*** Opening of Data in this exercise ***
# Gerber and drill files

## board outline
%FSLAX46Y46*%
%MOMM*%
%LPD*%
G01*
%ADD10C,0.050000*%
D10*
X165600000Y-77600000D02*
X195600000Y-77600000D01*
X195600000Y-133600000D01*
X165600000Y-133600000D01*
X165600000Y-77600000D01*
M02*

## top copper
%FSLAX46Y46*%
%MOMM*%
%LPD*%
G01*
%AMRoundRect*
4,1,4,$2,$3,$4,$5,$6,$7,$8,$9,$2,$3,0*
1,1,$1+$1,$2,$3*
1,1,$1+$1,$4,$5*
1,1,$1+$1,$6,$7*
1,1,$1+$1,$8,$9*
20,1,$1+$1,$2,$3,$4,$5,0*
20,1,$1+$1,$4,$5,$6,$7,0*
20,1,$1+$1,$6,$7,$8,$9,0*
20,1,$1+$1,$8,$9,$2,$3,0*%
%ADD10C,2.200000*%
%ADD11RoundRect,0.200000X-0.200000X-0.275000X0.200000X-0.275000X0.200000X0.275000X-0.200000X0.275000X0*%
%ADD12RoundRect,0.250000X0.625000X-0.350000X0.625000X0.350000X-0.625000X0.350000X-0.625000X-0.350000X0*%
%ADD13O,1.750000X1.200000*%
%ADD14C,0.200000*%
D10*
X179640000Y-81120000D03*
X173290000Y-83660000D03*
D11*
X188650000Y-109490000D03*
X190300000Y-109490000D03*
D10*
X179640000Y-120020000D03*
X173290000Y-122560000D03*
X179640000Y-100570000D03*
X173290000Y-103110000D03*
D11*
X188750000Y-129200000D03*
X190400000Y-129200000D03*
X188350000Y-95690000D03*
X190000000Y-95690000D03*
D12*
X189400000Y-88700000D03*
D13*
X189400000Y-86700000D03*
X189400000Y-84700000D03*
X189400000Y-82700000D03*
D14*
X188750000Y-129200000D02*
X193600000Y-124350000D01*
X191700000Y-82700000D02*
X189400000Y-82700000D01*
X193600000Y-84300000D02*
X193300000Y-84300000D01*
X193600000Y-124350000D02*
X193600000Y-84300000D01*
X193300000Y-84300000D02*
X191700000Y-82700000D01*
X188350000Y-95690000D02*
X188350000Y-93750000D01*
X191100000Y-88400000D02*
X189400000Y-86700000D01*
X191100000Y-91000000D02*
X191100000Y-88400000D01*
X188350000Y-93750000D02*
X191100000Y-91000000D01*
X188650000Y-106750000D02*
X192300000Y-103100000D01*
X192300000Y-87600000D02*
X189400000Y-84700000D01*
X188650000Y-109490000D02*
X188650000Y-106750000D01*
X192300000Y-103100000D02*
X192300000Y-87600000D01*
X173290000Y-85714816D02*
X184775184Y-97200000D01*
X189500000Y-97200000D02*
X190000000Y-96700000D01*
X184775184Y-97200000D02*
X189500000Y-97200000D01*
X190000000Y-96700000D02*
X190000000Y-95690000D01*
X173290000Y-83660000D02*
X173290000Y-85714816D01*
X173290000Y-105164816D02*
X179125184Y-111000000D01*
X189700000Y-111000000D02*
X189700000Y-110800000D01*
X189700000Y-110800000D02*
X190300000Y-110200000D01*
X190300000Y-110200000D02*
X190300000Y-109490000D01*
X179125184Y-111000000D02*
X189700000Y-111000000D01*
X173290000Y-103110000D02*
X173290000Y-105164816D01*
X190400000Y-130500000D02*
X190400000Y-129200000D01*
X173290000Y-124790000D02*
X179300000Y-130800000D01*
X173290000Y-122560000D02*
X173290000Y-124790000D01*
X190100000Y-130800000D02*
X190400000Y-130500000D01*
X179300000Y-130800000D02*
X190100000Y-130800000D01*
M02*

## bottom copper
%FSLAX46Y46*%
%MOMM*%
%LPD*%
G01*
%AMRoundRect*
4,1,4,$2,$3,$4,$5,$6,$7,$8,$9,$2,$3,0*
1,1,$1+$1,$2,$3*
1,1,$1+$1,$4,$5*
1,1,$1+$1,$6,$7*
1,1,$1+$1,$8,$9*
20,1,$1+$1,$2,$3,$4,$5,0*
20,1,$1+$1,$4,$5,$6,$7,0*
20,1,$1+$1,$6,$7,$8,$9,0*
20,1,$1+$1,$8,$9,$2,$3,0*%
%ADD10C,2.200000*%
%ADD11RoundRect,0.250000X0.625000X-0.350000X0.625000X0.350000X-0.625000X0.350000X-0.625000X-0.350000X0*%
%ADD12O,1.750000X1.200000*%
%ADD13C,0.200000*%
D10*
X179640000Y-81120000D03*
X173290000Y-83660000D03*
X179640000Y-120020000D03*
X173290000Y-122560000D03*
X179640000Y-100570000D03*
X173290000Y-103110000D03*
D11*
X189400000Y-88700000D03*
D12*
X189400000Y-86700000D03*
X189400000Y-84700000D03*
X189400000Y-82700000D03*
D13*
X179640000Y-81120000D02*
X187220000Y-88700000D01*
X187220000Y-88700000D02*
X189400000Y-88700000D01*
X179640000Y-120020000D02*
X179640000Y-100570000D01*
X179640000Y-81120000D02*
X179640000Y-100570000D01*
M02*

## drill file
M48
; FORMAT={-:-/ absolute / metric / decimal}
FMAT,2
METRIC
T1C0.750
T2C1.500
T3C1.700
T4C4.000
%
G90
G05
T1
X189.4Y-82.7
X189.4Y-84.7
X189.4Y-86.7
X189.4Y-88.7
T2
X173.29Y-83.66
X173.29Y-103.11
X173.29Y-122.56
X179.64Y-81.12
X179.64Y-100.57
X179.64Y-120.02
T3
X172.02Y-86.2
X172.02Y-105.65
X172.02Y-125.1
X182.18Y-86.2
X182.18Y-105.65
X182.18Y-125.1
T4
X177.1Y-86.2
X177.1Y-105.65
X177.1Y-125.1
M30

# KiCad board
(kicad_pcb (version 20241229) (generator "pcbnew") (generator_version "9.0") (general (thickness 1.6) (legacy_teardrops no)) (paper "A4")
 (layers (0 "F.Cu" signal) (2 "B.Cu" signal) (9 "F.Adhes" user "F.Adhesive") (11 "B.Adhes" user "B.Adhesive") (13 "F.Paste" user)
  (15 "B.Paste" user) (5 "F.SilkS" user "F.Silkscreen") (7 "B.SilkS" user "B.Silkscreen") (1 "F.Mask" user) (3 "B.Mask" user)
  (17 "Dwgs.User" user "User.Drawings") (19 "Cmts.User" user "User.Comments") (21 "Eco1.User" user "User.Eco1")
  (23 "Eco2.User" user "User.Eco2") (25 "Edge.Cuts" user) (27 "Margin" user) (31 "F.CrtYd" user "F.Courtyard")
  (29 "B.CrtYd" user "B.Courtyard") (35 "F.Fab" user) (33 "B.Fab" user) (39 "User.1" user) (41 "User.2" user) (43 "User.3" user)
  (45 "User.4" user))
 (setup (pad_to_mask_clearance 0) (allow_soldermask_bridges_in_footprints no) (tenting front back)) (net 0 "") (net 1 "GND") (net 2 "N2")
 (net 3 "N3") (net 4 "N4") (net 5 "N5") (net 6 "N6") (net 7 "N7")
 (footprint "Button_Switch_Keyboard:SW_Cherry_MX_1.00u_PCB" (layer "F.Cu") (at 179.64 81.12)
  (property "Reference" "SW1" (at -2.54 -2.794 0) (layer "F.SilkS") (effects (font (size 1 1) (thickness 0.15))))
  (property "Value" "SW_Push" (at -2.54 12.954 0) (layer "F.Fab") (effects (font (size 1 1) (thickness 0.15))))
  (pad "" np_thru_hole circle (at -7.62 5.08) (size 1.7 1.7) (drill 1.7) (layers "*.Cu" "*.Mask"))
  (pad "" np_thru_hole circle (at -2.54 5.08) (size 4 4) (drill 4) (layers "*.Cu" "*.Mask"))
  (pad "" np_thru_hole circle (at 2.54 5.08) (size 1.7 1.7) (drill 1.7) (layers "*.Cu" "*.Mask"))
  (pad "1" thru_hole circle (at 0 0) (size 2.2 2.2) (drill 1.5) (layers "*.Cu" "*.Mask") (remove_unused_layers no) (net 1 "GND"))
  (pad "2" thru_hole circle (at -6.35 2.54) (size 2.2 2.2) (drill 1.5) (layers "*.Cu" "*.Mask") (remove_unused_layers no) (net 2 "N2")))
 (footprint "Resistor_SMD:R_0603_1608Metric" (layer "F.Cu") (at 189.475 109.49)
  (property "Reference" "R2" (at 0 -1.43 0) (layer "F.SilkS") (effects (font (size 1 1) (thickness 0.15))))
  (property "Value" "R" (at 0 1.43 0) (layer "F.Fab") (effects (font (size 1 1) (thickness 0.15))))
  (pad "1" smd roundrect (at -0.825 0) (size 0.8 0.95) (layers "F.Cu" "F.Mask" "F.Paste") (roundrect_rratio 0.25) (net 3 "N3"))
  (pad "2" smd roundrect (at 0.825 0) (size 0.8 0.95) (layers "F.Cu" "F.Mask" "F.Paste") (roundrect_rratio 0.25) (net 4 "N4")))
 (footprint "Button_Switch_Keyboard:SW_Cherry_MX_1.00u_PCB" (layer "F.Cu") (at 179.64 120.02)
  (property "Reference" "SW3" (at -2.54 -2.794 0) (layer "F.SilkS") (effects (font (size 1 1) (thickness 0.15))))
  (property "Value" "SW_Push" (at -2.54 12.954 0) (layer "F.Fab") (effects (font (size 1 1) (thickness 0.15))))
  (pad "" np_thru_hole circle (at -7.62 5.08) (size 1.7 1.7) (drill 1.7) (layers "*.Cu" "*.Mask"))
  (pad "" np_thru_hole circle (at -2.54 5.08) (size 4 4) (drill 4) (layers "*.Cu" "*.Mask"))
  (pad "" np_thru_hole circle (at 2.54 5.08) (size 1.7 1.7) (drill 1.7) (layers "*.Cu" "*.Mask"))
  (pad "1" thru_hole circle (at 0 0) (size 2.2 2.2) (drill 1.5) (layers "*.Cu" "*.Mask") (remove_unused_layers no) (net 1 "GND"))
  (pad "2" thru_hole circle (at -6.35 2.54) (size 2.2 2.2) (drill 1.5) (layers "*.Cu" "*.Mask") (remove_unused_layers no) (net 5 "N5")))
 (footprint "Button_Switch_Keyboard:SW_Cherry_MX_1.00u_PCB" (layer "F.Cu") (at 179.64 100.57)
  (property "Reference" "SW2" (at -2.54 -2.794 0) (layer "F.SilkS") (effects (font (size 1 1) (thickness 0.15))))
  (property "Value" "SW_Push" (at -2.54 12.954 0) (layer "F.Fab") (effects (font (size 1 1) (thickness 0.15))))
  (pad "" np_thru_hole circle (at -7.62 5.08) (size 1.7 1.7) (drill 1.7) (layers "*.Cu" "*.Mask"))
  (pad "" np_thru_hole circle (at -2.54 5.08) (size 4 4) (drill 4) (layers "*.Cu" "*.Mask"))
  (pad "" np_thru_hole circle (at 2.54 5.08) (size 1.7 1.7) (drill 1.7) (layers "*.Cu" "*.Mask"))
  (pad "1" thru_hole circle (at 0 0) (size 2.2 2.2) (drill 1.5) (layers "*.Cu" "*.Mask") (remove_unused_layers no) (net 1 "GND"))
  (pad "2" thru_hole circle (at -6.35 2.54) (size 2.2 2.2) (drill 1.5) (layers "*.Cu" "*.Mask") (remove_unused_layers no) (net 4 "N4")))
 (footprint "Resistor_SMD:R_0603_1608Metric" (layer "F.Cu") (at 189.575 129.2)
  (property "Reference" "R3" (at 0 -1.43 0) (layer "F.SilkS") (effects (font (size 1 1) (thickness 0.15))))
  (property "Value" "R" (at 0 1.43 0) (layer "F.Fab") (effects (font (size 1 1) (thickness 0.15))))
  (pad "1" smd roundrect (at -0.825 0) (size 0.8 0.95) (layers "F.Cu" "F.Mask" "F.Paste") (roundrect_rratio 0.25) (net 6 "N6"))
  (pad "2" smd roundrect (at 0.825 0) (size 0.8 0.95) (layers "F.Cu" "F.Mask" "F.Paste") (roundrect_rratio 0.25) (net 5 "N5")))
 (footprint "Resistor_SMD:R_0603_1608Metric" (layer "F.Cu") (at 189.175 95.69)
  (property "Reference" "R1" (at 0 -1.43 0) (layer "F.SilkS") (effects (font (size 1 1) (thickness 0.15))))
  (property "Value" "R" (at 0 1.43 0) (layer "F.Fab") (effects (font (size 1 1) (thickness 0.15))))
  (pad "1" smd roundrect (at -0.825 0) (size 0.8 0.95) (layers "F.Cu" "F.Mask" "F.Paste") (roundrect_rratio 0.25) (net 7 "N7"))
  (pad "2" smd roundrect (at 0.825 0) (size 0.8 0.95) (layers "F.Cu" "F.Mask" "F.Paste") (roundrect_rratio 0.25) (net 2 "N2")))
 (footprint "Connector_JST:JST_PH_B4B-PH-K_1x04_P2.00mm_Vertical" (layer "F.Cu") (at 189.4 88.7 90)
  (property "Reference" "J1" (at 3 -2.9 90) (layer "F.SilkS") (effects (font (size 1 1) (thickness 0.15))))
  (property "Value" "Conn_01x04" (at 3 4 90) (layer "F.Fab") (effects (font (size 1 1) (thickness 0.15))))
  (pad "1" thru_hole roundrect (at 0 0 90) (size 1.2 1.75) (drill 0.75) (layers "*.Cu" "*.Mask") (remove_unused_layers no)
   (roundrect_rratio 0.208333) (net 1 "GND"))
  (pad "2" thru_hole oval (at 2 0 90) (size 1.2 1.75) (drill 0.75) (layers "*.Cu" "*.Mask") (remove_unused_layers no) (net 7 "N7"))
  (pad "3" thru_hole oval (at 4 0 90) (size 1.2 1.75) (drill 0.75) (layers "*.Cu" "*.Mask") (remove_unused_layers no) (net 3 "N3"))
  (pad "4" thru_hole oval (at 6 0 90) (size 1.2 1.75) (drill 0.75) (layers "*.Cu" "*.Mask") (remove_unused_layers no) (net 6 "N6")))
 (gr_rect (start 165.6 77.6) (end 195.6 133.6) (stroke (width 0.05) (type default)) (fill no) (layer "Edge.Cuts"))
 (segment (start 188.75 129.2) (end 193.6 124.35) (width 0.2) (layer "F.Cu") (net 6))
 (segment (start 191.7 82.7) (end 189.4 82.7) (width 0.2) (layer "F.Cu") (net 6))
 (segment (start 193.6 84.3) (end 193.3 84.3) (width 0.2) (layer "F.Cu") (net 6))
 (segment (start 193.6 124.35) (end 193.6 84.3) (width 0.2) (layer "F.Cu") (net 6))
 (segment (start 193.3 84.3) (end 191.7 82.7) (width 0.2) (layer "F.Cu") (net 6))
 (segment (start 179.64 81.12) (end 187.22 88.7) (width 0.2) (layer "B.Cu") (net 1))
 (segment (start 187.22 88.7) (end 189.4 88.7) (width 0.2) (layer "B.Cu") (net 1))
 (segment (start 179.64 120.02) (end 179.64 100.57) (width 0.2) (layer "B.Cu") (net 1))
 (segment (start 179.64 81.12) (end 179.64 100.57) (width 0.2) (layer "B.Cu") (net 1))
 (segment (start 188.35 95.69) (end 188.35 93.75) (width 0.2) (layer "F.Cu") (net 7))
 (segment (start 191.1 88.4) (end 189.4 86.7) (width 0.2) (layer "F.Cu") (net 7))
 (segment (start 191.1 91) (end 191.1 88.4) (width 0.2) (layer "F.Cu") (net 7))
 (segment (start 188.35 93.75) (end 191.1 91) (width 0.2) (layer "F.Cu") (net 7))
 (segment (start 188.65 106.75) (end 192.3 103.1) (width 0.2) (layer "F.Cu") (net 3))
 (segment (start 192.3 87.6) (end 189.4 84.7) (width 0.2) (layer "F.Cu") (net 3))
 (segment (start 188.65 109.49) (end 188.65 106.75) (width 0.2) (layer "F.Cu") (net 3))
 (segment (start 192.3 103.1) (end 192.3 87.6) (width 0.2) (layer "F.Cu") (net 3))
 (segment (start 173.29 85.714816) (end 184.775184 97.2) (width 0.2) (layer "F.Cu") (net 2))
 (segment (start 189.5 97.2) (end 190 96.7) (width 0.2) (layer "F.Cu") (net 2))
 (segment (start 184.775184 97.2) (end 189.5 97.2) (width 0.2) (layer "F.Cu") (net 2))
 (segment (start 190 96.7) (end 190 95.69) (width 0.2) (layer "F.Cu") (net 2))
 (segment (start 173.29 83.66) (end 173.29 85.714816) (width 0.2) (layer "F.Cu") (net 2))
 (segment (start 173.29 105.164816) (end 179.125184 111) (width 0.2) (layer "F.Cu") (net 4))
 (segment (start 189.7 111) (end 189.7 110.8) (width 0.2) (layer "F.Cu") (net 4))
 (segment (start 189.7 110.8) (end 190.3 110.2) (width 0.2) (layer "F.Cu") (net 4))
 (segment (start 190.3 110.2) (end 190.3 109.49) (width 0.2) (layer "F.Cu") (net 4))
 (segment (start 179.125184 111) (end 189.7 111) (width 0.2) (layer "F.Cu") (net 4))
 (segment (start 173.29 103.11) (end 173.29 105.164816) (width 0.2) (layer "F.Cu") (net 4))
 (segment (start 190.4 130.5) (end 190.4 129.2) (width 0.2) (layer "F.Cu") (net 5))
 (segment (start 173.29 124.79) (end 179.3 130.8) (width 0.2) (layer "F.Cu") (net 5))
 (segment (start 173.29 122.56) (end 173.29 124.79) (width 0.2) (layer "F.Cu") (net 5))
 (segment (start 190.1 130.8) (end 190.4 130.5) (width 0.2) (layer "F.Cu") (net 5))
 (segment (start 179.3 130.8) (end 190.1 130.8) (width 0.2) (layer "F.Cu") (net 5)))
*** Close of Data in this exercise ***
- **What is required**:
Out of the data above, set down the lines from the one with "X188350000Y-93750000D02*" to the one with "X173290000Y-124790000D01*", both included, exactly as written and with no additions.

- **Written solution**:
X188350000Y-93750000D02*
X191100000Y-91000000D01*
X188650000Y-106750000D02*
X192300000Y-103100000D01*
X192300000Y-87600000D02*
X189400000Y-84700000D01*
X188650000Y-109490000D02*
X188650000Y-106750000D01*
X192300000Y-103100000D02*
X192300000Y-87600000D01*
X173290000Y-85714816D02*
X184775184Y-97200000D01*
X189500000Y-97200000D02*
X190000000Y-96700000D01*
X184775184Y-97200000D02*
X189500000Y-97200000D01*
X190000000Y-96700000D02*
X190000000Y-95690000D01*
X173290000Y-83660000D02*
X173290000Y-85714816D01*
X173290000Y-105164816D02*
X179125184Y-111000000D01*
X189700000Y-111000000D02*
X189700000Y-110800000D01*
X189700000Y-110800000D02*
X190300000Y-110200000D01*
X190300000Y-110200000D02*
X190300000Y-109490000D01*
X179125184Y-111000000D02*
X189700000Y-111000000D01*
X173290000Y-103110000D02*
X173290000Y-105164816D01*
X190400000Y-130500000D02*
X190400000Y-129200000D01*
X173290000Y-124790000D02*
X179300000Y-130800000D01*
X173290000Y-122560000D02*
X173290000Y-124790000D01*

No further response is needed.